Joy Stick – Why Men do Things, they Shouldn’t

It came out of anger when I saw my colleague rubbing his genitals in front of female colleagues. Like a flash, I recalled how men’s behaviour is a shaming act in public spheres; why they do such acts? They do not spare the straps of a woman’s undergarments and take it as seductive as they are watching nudity inside. When I started writing this book, I knew this wouldn’t be a gentle exploration of men’s stupidity. I didn’t intend to pat anyone on the back or hold hands while sugar-coating the truth. But, I tried to make this book my blistering autopsy of male behavior without anesthesia. Which was an unflinching examination of the motives, justifications, and excuses men use to plunge headlong into the forbidden.

Society has always been quick to romanticize men as explorers, protectors, or builders. But I’ve looked beyond these polished veneers. I have seen another narrative, the narrative of the reckless pursuit of power, validation, and hedonism. So, this book is surely not about heroes but villains. It’s about those who destroy, defy, and detour from the expected paths, leaving wreckage in their wake. I’m talking about the philanderer who gambles away trust, the tyrant who twists power into chains, and the man whose self-sabotage drags others into his abyss. I refuse to look away.
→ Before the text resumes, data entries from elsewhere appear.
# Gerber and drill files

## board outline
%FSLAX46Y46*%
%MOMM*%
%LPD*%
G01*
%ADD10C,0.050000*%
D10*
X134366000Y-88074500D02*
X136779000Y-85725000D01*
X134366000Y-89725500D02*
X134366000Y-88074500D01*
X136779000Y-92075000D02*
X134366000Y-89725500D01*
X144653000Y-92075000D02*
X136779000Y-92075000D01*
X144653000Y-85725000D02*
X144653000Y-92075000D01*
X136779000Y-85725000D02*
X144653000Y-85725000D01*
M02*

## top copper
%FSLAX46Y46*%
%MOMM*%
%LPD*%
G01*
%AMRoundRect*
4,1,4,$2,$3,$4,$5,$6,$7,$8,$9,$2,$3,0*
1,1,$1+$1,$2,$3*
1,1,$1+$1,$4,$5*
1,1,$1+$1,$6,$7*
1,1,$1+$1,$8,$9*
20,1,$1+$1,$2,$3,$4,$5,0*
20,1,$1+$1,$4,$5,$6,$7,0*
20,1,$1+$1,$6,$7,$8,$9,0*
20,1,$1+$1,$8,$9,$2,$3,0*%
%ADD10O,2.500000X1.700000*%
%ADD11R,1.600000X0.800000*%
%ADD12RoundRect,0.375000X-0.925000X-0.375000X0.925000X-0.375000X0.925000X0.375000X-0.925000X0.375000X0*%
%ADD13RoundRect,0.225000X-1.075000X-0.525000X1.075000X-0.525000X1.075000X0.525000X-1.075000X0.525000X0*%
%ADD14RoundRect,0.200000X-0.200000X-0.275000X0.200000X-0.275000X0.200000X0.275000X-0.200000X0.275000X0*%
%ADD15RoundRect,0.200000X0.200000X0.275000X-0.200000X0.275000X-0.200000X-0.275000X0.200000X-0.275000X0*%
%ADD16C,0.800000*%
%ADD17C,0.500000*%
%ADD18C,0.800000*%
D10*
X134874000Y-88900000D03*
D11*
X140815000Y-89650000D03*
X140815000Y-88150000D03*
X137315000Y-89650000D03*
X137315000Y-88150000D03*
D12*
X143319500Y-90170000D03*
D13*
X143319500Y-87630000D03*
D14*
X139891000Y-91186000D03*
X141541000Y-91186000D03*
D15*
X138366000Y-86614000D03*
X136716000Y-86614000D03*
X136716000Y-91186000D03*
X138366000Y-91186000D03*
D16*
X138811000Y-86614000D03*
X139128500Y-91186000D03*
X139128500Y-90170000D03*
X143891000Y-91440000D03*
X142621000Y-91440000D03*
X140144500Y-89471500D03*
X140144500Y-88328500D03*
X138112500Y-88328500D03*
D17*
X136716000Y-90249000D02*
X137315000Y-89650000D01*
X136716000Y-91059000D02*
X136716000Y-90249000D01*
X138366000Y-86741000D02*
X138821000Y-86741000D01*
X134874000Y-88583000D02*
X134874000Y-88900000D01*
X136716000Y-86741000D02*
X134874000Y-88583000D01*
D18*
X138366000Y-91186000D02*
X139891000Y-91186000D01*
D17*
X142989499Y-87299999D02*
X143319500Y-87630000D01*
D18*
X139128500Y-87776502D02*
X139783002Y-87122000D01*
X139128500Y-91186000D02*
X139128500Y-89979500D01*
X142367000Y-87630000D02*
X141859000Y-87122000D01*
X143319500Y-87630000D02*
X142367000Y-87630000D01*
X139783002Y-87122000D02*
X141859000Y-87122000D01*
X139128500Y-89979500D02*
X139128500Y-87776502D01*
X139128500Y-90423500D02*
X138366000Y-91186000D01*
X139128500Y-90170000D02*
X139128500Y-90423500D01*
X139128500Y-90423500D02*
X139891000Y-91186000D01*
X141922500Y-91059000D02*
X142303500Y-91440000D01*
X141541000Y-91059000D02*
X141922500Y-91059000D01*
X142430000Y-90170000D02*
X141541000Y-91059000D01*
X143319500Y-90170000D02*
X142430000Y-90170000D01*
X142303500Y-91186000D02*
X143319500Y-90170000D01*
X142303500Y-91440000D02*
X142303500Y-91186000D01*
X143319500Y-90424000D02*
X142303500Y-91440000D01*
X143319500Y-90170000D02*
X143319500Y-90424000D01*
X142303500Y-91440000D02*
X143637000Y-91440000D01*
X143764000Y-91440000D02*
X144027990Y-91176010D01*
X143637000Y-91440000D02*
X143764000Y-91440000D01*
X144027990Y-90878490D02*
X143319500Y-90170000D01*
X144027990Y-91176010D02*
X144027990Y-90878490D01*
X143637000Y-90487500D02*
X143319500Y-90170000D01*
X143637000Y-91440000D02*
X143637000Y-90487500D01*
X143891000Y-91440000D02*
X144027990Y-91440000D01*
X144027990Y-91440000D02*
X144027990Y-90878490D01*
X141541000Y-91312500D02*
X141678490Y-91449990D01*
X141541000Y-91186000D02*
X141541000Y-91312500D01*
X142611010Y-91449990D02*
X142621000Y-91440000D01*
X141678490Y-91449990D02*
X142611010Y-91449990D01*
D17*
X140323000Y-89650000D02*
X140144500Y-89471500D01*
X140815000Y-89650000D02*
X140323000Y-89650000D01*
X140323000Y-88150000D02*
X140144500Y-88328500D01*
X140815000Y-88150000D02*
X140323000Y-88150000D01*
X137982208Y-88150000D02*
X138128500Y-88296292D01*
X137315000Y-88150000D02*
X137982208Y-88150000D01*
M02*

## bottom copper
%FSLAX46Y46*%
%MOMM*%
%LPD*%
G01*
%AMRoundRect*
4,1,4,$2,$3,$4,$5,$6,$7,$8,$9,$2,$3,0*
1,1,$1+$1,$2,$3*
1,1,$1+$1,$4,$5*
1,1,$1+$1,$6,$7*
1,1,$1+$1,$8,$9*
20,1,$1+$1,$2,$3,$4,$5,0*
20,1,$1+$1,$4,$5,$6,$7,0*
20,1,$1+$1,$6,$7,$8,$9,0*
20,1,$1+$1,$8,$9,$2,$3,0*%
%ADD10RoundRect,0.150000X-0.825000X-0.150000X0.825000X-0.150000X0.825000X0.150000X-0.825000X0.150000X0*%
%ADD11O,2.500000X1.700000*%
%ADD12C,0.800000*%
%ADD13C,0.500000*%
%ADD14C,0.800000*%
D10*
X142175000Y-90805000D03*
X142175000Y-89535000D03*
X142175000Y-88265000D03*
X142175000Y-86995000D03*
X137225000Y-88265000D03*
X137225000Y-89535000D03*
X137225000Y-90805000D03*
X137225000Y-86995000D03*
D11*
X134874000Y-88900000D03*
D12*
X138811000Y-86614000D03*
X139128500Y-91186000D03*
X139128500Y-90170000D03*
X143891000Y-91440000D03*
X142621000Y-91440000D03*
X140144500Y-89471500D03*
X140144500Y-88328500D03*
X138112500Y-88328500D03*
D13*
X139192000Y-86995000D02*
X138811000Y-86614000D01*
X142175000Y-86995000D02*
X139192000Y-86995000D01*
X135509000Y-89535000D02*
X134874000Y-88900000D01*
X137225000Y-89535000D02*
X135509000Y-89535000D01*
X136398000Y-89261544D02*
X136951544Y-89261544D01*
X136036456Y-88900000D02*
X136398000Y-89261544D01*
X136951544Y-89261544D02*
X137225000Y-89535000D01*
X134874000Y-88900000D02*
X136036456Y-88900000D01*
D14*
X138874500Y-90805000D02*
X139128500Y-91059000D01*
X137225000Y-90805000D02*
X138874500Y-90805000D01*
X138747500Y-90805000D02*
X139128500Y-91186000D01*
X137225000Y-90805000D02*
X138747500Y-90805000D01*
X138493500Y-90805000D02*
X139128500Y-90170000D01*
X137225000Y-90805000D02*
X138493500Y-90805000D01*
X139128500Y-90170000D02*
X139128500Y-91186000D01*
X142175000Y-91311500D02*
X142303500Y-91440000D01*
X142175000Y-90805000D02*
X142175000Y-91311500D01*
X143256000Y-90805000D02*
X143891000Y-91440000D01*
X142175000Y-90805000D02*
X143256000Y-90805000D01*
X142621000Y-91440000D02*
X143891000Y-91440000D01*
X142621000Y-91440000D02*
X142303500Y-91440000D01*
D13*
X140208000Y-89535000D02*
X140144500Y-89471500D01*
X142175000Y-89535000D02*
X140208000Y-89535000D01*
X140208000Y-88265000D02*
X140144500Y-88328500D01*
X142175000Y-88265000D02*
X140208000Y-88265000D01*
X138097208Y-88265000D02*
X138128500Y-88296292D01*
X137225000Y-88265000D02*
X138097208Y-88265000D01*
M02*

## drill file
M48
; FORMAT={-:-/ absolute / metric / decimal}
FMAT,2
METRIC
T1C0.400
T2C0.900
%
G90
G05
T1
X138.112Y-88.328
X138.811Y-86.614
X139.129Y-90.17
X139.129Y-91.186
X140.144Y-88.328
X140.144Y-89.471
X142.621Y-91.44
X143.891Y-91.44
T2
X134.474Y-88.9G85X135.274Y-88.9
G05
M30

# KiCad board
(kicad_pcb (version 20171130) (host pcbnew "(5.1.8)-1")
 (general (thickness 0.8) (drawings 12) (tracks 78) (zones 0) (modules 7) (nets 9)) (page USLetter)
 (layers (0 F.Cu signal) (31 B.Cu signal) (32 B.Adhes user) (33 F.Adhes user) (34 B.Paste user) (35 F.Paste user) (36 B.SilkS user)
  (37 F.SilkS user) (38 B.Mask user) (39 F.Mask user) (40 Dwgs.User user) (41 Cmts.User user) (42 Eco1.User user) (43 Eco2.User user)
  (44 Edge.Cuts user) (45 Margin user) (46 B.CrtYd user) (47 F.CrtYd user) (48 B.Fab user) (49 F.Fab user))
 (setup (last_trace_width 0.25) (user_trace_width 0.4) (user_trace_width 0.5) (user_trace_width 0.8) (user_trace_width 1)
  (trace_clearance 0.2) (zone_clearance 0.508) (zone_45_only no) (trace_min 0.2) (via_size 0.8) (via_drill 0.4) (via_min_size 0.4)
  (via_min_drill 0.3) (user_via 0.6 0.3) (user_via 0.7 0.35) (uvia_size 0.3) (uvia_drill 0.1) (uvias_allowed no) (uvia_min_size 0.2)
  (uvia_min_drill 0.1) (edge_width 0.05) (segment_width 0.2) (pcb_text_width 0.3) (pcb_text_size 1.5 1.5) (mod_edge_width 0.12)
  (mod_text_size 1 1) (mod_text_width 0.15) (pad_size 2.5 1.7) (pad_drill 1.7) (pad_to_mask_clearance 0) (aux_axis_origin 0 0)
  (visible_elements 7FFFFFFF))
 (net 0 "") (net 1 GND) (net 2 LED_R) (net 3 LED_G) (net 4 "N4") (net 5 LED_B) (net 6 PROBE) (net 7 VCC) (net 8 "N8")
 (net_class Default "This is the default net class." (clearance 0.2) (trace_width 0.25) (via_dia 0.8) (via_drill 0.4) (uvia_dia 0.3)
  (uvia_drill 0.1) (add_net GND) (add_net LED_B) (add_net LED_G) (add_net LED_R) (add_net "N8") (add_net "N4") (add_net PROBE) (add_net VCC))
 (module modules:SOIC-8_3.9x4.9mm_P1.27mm (layer B.Cu) (at 139.7 88.9)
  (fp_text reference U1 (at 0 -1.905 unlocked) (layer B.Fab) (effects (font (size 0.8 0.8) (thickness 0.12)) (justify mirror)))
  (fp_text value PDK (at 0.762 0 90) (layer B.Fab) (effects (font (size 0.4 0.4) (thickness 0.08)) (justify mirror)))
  (pad 8 smd roundrect (at 2.475 1.905) (size 1.95 0.6) (layers B.Cu B.Paste B.Mask) (roundrect_rratio 0.25) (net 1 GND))
  (pad 7 smd roundrect (at 2.475 0.635) (size 1.95 0.6) (layers B.Cu B.Paste B.Mask) (roundrect_rratio 0.25) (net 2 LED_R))
  (pad 6 smd roundrect (at 2.475 -0.635) (size 1.95 0.6) (layers B.Cu B.Paste B.Mask) (roundrect_rratio 0.25) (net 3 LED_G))
  (pad 5 smd roundrect (at 2.475 -1.905) (size 1.95 0.6) (layers B.Cu B.Paste B.Mask) (roundrect_rratio 0.25) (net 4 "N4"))
  (pad 3 smd roundrect (at -2.475 -0.635) (size 1.95 0.6) (layers B.Cu B.Paste B.Mask) (roundrect_rratio 0.25) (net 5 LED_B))
  (pad 2 smd roundrect (at -2.475 0.635) (size 1.95 0.6) (layers B.Cu B.Paste B.Mask) (roundrect_rratio 0.25) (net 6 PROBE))
  (pad 1 smd roundrect (at -2.475 1.905) (size 1.95 0.6) (layers B.Cu B.Paste B.Mask) (roundrect_rratio 0.25) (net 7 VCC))
  (pad 4 smd roundrect (at -2.475 -1.905) (size 1.95 0.6) (layers B.Cu B.Paste B.Mask) (roundrect_rratio 0.25)))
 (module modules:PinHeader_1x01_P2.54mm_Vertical (layer B.Cu) (at 134.874 88.9)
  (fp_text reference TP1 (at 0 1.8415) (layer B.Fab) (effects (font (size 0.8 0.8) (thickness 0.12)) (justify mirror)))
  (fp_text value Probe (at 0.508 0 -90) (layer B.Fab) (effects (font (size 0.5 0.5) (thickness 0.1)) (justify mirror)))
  (pad 1 thru_hole oval (at 0 0) (size 2.5 1.7) (drill oval 1.7 0.9) (layers *.Cu *.Mask) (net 6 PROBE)))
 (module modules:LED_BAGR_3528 (layer F.Cu) (at 139.065 88.9 180)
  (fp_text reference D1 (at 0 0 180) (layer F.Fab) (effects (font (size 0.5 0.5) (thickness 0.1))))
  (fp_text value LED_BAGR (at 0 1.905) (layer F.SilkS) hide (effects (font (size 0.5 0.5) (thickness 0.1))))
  (pad 4 smd rect (at -1.75 -0.75 180) (size 1.6 0.8) (layers F.Cu F.Paste F.Mask) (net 2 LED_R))
  (pad 3 smd rect (at -1.75 0.75 180) (size 1.6 0.8) (layers F.Cu F.Paste F.Mask) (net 3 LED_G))
  (pad 2 smd rect (at 1.75 -0.75 180) (size 1.6 0.8) (layers F.Cu F.Paste F.Mask) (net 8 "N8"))
  (pad 1 smd rect (at 1.75 0.75 180) (size 1.6 0.8) (layers F.Cu F.Paste F.Mask) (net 5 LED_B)))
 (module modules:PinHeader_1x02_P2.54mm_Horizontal (layer F.Cu) (at 143.3195 87.63)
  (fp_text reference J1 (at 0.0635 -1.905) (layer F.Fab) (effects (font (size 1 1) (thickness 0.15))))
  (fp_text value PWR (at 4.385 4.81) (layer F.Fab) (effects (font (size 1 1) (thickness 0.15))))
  (pad 1 smd roundrect (at 0 2.54) (size 2.6 1.5) (layers F.Cu F.Paste F.Mask) (roundrect_rratio 0.25) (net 1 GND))
  (pad 2 smd roundrect (at 0 0) (size 2.6 1.5) (layers F.Cu F.Paste F.Mask) (roundrect_rratio 0.15) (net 7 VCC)))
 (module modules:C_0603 (layer F.Cu) (at 140.716 91.186)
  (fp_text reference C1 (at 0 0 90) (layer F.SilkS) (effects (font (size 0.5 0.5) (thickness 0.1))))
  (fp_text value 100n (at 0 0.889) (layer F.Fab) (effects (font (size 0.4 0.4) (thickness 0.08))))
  (pad 1 smd roundrect (at -0.825 0) (size 0.8 0.95) (layers F.Cu F.Paste F.Mask) (roundrect_rratio 0.25) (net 7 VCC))
  (pad 2 smd roundrect (at 0.825 0) (size 0.8 0.95) (layers F.Cu F.Paste F.Mask) (roundrect_rratio 0.25) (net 1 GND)))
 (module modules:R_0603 (layer F.Cu) (at 137.541 86.614 180)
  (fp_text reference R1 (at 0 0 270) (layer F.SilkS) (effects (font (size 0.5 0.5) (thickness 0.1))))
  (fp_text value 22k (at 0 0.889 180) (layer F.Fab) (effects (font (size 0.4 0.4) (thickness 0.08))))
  (pad 1 smd roundrect (at -0.825 0 180) (size 0.8 0.95) (layers F.Cu F.Paste F.Mask) (roundrect_rratio 0.25) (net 4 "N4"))
  (pad 2 smd roundrect (at 0.825 0 180) (size 0.8 0.95) (layers F.Cu F.Paste F.Mask) (roundrect_rratio 0.25) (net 6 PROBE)))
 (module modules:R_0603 (layer F.Cu) (at 137.541 91.186 180)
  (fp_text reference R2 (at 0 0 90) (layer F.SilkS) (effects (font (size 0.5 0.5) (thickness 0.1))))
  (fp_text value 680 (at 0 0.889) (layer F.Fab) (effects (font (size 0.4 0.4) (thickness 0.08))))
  (pad 2 smd roundrect (at 0.825 0 180) (size 0.8 0.95) (layers F.Cu F.Paste F.Mask) (roundrect_rratio 0.25) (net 8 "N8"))
  (pad 1 smd roundrect (at -0.825 0 180) (size 0.8 0.95) (layers F.Cu F.Paste F.Mask) (roundrect_rratio 0.25) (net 7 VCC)))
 (gr_line (start 134.366 88.0745) (end 136.779 85.725) (layer Edge.Cuts) (width 0.05))
 (gr_line (start 134.366 89.7255) (end 134.366 88.0745) (layer Edge.Cuts) (width 0.05))
 (gr_line (start 136.779 92.075) (end 134.366 89.7255) (layer Edge.Cuts) (width 0.05))
 (gr_line (start 144.653 92.075) (end 136.779 92.075) (layer Edge.Cuts) (width 0.05))
 (gr_line (start 144.653 85.725) (end 144.653 92.075) (layer Edge.Cuts) (width 0.05))
 (gr_line (start 136.779 85.725) (end 144.653 85.725) (layer Edge.Cuts) (width 0.05))
 (segment (start 136.716 90.249) (end 137.315 89.65) (width 0.5) (layer F.Cu) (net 8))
Why do men do the things they shouldn’t? That question haunted me, and I found the answer in a tangled web of biology, societal constructs, and a glaring deficit of accountability. For too long, men have hidden behind “just being men,” as if that phrase were some mystical shield against scrutiny. “Boys will be boys” is not just an excuse; it’s an anthem of permissiveness that silences those who bear its consequences. So, I thought that it’s time to shatter the myth of male inevitability. It was a moment for me to peel back the fake glittering manliness layers and confront the raw, inconvenient truths.

I’ve spared no one in this book. I’ve questioned the pedestal on which society places men’s behaviour and masculinity, the systems that enable and excuse the mentioned and not mentioned harmful behaviours, and the individuals who wield power without care for its cost. From childhood indoctrination into roles of dominance, to the unchecked desires that lead men astray, this is not an easy read. But I believe it’s a necessary one.

I’ve heard the excuses. Men’s behaviour is often explained away as “instinct,” “nature,” or “hormones.” These lazy justifications do little to address the reality that men are not animals. We have a moral compass that is a tool too often ignored in favour of convenience or conquest. I dared to demand more. I demanded introspection, discipline, and the courage to confront what lies beneath the surface.

Every page of “Joystick” is meant to irritate, provoke, and unsettle. I want it to challenge you to rethink your assumptions about what it means to be a man, to deconstruct the toxic cycles that bind masculinity to harm, and to hold up a mirror to the uncomfortable truths lurking in the shadows. I’m not here to offer redemption to those I write about. I’m here to expose them.

So, this work is my call to action for accountability of men’s behaviour, for change, and for dismantling the excuses that have too long defined and diminished what it means to be a man. If it stings, good. If it enrages, better. If it inspires reflection, then we’re on the right track. Masculinity doesn’t need to be destroyed; it needs to be rebuilt on foundations of integrity, empathy, and strength untainted by selfishness or destruction.

This book is not the defensive, or the willfully blind. It is for those who are ready to confront the uncomfortable and demand better from men, from society, and from themselves.